Segment Start: Dataset records
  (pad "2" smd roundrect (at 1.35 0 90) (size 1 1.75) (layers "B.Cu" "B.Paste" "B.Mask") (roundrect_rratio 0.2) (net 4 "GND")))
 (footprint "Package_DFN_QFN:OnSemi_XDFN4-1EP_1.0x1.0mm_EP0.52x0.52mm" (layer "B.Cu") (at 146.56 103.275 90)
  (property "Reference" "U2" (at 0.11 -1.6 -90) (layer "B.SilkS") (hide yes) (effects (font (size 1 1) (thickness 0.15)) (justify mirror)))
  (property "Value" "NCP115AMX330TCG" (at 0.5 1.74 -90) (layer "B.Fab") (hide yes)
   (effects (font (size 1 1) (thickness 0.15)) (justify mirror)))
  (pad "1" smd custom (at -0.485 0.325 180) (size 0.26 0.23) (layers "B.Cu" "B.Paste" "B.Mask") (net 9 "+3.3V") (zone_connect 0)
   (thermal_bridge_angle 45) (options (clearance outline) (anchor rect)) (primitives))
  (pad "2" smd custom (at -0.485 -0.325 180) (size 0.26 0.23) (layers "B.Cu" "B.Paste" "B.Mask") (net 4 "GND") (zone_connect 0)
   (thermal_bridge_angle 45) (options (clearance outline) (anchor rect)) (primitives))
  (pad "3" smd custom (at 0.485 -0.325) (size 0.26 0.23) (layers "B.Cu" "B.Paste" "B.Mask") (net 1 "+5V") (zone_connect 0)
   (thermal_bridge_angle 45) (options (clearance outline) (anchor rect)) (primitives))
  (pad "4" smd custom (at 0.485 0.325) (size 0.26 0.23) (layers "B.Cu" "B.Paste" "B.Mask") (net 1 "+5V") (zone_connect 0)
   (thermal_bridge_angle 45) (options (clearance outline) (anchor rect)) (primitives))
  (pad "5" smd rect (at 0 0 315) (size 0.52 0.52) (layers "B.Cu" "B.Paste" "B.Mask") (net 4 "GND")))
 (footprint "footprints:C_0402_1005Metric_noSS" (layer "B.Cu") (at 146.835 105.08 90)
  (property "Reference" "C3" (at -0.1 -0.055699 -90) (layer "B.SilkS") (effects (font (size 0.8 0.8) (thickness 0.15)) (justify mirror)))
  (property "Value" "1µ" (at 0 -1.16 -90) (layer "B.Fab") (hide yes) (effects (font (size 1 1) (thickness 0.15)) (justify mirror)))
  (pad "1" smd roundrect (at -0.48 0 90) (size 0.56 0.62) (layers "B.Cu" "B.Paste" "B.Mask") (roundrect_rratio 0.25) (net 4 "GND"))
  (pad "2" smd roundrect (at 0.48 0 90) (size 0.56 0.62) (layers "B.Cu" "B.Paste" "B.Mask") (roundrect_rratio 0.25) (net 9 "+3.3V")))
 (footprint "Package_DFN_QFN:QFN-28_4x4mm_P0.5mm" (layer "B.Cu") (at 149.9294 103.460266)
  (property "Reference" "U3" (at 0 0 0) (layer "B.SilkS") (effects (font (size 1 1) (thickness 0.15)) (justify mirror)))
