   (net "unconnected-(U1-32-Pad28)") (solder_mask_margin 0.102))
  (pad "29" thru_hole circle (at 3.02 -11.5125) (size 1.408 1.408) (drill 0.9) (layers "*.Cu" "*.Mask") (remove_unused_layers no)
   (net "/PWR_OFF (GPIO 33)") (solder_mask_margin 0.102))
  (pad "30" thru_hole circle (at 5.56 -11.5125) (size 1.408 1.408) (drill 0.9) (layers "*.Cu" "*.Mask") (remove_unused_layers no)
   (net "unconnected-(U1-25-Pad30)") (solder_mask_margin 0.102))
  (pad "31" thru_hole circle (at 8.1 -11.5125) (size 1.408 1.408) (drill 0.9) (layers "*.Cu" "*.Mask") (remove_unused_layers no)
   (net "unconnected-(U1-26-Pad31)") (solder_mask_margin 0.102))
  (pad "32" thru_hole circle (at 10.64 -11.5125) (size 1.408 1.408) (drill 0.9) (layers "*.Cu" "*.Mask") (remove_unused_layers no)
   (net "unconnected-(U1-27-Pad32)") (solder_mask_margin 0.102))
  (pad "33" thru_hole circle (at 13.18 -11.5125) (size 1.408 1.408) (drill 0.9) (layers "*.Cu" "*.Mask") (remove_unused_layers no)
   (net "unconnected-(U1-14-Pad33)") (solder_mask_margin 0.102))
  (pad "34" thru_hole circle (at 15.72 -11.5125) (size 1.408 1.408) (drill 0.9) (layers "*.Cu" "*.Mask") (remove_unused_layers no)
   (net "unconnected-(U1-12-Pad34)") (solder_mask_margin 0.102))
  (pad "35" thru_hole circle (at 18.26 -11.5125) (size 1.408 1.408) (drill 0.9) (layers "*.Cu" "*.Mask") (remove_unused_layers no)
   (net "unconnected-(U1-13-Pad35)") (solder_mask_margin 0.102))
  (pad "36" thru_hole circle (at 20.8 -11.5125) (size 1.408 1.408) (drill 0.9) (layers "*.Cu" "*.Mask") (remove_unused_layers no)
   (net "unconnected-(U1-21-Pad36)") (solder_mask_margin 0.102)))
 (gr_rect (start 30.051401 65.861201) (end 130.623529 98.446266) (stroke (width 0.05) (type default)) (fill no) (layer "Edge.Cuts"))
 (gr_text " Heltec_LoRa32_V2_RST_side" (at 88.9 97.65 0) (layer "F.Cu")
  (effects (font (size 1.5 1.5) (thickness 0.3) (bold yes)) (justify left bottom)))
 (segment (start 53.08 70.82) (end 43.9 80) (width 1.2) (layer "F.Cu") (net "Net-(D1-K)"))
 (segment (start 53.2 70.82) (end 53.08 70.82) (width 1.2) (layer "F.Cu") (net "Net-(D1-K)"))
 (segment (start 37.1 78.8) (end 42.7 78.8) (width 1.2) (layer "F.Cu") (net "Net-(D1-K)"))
Segment End: Dataset records
What you will do
If a line comes after the one containing "(at 0.5 1.74", leave it out; set down every line of the data before it, and that line itself, exactly.

Answer space
  (pad "2" smd roundrect (at 1.35 0 90) (size 1 1.75) (layers "B.Cu" "B.Paste" "B.Mask") (roundrect_rratio 0.2) (net 4 "GND")))
 (footprint "Package_DFN_QFN:OnSemi_XDFN4-1EP_1.0x1.0mm_EP0.52x0.52mm" (layer "B.Cu") (at 146.56 103.275 90)
  (property "Reference" "U2" (at 0.11 -1.6 -90) (layer "B.SilkS") (hide yes) (effects (font (size 1 1) (thickness 0.15)) (justify mirror)))
  (property "Value" "NCP115AMX330TCG" (at 0.5 1.74 -90) (layer "B.Fab") (hide yes)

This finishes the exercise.